Exercise aim:
Produce as output only the lines below starting at the line with "X35594599Y-42368687D01*" and continuing through the line with "X34061819Y-42123520D01*", each one exactly as written.

Collection entries:
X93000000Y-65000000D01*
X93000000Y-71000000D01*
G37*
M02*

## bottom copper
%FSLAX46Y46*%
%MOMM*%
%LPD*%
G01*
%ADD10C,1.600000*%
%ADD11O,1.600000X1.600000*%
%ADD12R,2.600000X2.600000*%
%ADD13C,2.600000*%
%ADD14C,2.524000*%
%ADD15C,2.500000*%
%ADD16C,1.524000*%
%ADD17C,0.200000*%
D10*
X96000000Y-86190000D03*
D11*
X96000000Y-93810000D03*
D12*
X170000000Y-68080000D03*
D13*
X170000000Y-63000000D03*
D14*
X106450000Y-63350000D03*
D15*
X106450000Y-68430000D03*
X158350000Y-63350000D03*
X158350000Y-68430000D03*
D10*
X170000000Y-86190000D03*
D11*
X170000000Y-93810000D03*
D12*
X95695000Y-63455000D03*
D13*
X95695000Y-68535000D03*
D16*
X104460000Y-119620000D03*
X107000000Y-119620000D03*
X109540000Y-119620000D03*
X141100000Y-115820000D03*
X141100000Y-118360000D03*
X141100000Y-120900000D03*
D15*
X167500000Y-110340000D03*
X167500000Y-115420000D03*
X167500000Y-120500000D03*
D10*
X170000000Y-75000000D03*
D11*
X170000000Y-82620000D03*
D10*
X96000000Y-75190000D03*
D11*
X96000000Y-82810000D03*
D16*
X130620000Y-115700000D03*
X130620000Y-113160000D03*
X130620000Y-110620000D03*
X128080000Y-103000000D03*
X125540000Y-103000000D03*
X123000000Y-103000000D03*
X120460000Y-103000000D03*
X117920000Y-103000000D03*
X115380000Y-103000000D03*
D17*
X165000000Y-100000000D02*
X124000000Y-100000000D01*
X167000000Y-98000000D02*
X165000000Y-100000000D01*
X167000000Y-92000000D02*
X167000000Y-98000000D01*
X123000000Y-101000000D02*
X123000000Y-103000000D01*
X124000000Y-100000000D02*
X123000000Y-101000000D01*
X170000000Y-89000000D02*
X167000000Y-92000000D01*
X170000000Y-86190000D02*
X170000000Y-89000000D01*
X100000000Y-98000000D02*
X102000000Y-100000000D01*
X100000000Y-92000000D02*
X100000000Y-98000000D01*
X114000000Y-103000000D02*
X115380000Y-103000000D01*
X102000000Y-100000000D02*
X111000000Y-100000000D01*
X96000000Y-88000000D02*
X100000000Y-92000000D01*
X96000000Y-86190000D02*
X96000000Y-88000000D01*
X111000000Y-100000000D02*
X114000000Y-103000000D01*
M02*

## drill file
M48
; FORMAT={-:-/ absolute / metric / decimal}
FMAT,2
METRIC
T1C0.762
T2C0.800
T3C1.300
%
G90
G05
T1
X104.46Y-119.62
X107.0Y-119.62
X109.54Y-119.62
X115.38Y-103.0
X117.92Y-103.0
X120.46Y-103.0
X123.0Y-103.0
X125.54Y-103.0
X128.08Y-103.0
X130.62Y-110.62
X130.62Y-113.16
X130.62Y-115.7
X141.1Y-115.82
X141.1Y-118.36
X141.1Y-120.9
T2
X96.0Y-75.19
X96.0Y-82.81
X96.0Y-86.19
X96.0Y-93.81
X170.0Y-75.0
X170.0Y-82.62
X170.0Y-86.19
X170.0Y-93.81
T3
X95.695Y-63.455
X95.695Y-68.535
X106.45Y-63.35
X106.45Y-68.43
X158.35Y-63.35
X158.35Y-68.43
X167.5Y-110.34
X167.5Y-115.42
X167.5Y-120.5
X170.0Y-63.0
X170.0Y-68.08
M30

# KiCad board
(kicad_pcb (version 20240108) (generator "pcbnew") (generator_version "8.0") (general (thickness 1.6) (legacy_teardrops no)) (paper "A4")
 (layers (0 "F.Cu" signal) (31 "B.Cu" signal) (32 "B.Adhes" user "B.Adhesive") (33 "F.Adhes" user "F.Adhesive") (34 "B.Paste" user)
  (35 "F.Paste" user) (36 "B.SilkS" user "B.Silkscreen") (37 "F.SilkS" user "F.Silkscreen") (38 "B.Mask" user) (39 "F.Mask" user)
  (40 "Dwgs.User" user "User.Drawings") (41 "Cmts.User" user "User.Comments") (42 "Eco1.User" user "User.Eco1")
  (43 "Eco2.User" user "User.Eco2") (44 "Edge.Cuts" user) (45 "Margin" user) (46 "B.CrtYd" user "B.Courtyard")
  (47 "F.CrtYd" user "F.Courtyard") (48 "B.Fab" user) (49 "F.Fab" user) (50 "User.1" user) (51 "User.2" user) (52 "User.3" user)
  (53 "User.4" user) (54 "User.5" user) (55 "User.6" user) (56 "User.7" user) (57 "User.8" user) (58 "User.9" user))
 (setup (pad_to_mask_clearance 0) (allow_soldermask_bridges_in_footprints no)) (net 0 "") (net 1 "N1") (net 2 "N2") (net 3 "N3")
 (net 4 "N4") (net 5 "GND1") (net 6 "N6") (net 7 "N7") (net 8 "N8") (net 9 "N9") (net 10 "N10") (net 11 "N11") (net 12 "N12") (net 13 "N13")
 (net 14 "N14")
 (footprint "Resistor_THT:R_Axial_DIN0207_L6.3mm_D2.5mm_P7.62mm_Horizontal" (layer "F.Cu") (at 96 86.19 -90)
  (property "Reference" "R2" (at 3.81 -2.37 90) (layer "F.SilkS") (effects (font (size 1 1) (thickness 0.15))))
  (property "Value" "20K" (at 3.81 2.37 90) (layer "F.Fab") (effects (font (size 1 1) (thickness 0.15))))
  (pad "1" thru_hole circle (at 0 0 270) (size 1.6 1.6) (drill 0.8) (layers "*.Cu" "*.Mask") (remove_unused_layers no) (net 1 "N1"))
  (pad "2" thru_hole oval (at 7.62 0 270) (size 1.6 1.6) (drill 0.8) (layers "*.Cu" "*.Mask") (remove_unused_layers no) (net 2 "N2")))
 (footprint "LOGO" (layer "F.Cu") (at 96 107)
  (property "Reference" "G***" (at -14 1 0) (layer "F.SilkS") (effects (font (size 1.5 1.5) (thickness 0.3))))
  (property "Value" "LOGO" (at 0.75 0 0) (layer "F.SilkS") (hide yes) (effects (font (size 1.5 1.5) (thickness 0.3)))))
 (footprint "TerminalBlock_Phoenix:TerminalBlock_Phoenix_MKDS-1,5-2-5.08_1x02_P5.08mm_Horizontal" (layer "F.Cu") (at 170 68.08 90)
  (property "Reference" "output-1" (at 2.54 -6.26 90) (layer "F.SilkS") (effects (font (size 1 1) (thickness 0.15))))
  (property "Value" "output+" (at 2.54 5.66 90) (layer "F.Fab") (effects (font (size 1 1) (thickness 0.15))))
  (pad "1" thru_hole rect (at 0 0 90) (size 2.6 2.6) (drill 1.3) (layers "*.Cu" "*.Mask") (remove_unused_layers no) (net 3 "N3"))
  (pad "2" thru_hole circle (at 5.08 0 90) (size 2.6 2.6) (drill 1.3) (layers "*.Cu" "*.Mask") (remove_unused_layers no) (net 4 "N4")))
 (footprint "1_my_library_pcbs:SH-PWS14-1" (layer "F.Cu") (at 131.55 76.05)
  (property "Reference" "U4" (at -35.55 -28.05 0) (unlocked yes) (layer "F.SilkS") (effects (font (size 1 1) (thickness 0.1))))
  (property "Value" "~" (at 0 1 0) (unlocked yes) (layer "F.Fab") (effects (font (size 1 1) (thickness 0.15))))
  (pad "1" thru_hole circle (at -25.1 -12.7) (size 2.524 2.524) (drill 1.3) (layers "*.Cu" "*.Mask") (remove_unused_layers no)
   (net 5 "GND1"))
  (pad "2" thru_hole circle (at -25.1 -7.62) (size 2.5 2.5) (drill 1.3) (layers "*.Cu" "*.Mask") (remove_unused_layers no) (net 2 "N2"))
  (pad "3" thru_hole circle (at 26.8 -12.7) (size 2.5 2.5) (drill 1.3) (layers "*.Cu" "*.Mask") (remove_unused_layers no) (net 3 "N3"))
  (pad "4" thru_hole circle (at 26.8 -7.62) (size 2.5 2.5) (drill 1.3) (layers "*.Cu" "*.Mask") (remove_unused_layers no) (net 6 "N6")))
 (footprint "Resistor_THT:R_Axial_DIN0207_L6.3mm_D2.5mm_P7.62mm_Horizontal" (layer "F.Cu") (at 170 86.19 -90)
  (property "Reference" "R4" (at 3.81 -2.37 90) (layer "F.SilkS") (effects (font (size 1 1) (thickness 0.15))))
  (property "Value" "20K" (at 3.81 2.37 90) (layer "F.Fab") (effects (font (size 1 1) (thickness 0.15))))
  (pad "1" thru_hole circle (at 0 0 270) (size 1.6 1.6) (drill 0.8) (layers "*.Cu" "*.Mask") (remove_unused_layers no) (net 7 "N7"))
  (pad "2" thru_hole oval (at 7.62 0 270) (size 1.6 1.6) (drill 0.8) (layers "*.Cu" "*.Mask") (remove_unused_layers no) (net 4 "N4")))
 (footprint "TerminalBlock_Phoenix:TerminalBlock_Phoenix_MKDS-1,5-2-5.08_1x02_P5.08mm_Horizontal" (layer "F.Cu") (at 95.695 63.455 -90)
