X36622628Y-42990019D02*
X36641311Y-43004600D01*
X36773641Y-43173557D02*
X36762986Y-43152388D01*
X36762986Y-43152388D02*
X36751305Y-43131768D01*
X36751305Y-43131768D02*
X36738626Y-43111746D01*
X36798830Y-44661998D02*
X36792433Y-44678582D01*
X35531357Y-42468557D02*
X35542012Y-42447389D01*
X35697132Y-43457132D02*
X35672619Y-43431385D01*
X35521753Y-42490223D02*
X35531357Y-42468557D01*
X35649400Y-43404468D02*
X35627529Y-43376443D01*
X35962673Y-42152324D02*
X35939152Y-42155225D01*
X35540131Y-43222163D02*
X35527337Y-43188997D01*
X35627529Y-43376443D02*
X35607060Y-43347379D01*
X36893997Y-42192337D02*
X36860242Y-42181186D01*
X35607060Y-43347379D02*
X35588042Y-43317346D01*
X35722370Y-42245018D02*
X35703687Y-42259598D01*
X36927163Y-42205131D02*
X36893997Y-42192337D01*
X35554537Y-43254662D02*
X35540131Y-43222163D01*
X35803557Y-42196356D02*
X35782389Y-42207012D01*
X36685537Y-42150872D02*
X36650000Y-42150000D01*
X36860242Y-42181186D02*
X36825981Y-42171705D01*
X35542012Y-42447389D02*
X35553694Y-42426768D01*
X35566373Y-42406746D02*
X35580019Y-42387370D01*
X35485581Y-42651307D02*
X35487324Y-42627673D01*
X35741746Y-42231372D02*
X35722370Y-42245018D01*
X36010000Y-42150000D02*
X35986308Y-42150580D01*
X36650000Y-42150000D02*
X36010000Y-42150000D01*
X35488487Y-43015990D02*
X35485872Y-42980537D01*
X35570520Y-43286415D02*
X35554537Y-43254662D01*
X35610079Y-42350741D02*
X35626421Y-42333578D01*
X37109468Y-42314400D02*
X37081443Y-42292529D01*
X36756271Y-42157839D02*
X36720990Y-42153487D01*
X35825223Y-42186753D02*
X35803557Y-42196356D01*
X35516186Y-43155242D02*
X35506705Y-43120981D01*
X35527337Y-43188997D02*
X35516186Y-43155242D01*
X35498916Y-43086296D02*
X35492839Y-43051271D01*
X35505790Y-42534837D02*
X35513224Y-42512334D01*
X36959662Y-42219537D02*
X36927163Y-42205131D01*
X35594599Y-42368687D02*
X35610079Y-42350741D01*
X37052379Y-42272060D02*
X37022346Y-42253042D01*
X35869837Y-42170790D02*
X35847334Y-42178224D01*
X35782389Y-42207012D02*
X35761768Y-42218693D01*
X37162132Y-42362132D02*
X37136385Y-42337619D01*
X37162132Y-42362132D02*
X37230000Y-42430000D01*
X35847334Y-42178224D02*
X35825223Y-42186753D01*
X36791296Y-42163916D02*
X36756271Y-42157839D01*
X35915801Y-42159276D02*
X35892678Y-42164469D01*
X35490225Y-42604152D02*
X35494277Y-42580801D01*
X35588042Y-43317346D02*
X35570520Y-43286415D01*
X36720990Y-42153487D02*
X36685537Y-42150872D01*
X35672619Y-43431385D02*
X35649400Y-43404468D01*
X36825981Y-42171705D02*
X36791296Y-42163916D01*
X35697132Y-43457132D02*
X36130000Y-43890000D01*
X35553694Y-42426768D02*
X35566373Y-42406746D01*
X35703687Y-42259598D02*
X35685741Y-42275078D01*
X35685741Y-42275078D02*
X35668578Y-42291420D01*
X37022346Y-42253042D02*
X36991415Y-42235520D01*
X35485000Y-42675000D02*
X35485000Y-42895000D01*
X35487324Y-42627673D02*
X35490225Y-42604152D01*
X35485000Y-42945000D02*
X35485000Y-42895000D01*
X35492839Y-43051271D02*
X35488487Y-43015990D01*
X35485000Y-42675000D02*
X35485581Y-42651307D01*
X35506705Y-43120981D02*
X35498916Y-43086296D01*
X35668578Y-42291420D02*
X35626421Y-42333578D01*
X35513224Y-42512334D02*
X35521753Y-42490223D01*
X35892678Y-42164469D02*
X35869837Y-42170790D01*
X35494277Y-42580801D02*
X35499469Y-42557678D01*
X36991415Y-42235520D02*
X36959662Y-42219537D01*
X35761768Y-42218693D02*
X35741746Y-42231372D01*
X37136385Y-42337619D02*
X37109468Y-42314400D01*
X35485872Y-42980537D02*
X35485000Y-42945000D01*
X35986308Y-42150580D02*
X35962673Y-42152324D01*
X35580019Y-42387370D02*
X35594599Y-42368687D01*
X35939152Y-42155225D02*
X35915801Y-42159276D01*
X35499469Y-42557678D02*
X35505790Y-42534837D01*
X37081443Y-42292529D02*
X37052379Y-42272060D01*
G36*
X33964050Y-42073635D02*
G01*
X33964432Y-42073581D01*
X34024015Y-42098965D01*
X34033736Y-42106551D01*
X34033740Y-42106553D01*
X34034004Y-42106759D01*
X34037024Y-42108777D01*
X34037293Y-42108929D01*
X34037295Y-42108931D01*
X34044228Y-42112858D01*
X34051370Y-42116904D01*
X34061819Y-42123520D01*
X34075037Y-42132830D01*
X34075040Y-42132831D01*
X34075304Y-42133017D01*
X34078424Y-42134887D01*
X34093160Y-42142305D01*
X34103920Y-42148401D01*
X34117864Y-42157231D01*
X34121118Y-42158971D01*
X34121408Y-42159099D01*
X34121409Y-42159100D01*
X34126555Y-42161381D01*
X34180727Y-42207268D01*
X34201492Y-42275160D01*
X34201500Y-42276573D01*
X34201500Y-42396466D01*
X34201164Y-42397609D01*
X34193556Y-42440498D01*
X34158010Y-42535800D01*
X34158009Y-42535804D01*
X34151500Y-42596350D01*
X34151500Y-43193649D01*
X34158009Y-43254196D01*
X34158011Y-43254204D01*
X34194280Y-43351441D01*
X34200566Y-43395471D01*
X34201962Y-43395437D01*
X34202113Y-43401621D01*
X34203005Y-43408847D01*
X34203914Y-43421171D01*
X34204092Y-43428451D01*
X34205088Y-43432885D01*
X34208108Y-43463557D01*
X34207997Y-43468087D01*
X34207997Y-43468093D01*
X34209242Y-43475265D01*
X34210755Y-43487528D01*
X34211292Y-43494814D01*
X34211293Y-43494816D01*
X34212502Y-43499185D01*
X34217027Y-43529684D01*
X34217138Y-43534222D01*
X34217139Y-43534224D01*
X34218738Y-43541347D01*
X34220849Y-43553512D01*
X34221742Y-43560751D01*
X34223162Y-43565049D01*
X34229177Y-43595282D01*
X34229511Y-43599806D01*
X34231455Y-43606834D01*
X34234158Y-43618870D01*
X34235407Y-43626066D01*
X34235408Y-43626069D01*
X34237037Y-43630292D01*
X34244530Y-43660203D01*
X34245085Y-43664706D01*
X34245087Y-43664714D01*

Exercise response:
X35594599Y-42368687D01*
X35939152Y-42155225D02*
X35915801Y-42159276D01*
X35499469Y-42557678D02*
X35505790Y-42534837D01*
X37081443Y-42292529D02*
X37052379Y-42272060D01*
G36*
X33964050Y-42073635D02*
G01*
X33964432Y-42073581D01*
X34024015Y-42098965D01*
X34033736Y-42106551D01*
X34033740Y-42106553D01*
X34034004Y-42106759D01*
X34037024Y-42108777D01*
X34037293Y-42108929D01*
X34037295Y-42108931D01*
X34044228Y-42112858D01*
X34051370Y-42116904D01*
X34061819Y-42123520D01*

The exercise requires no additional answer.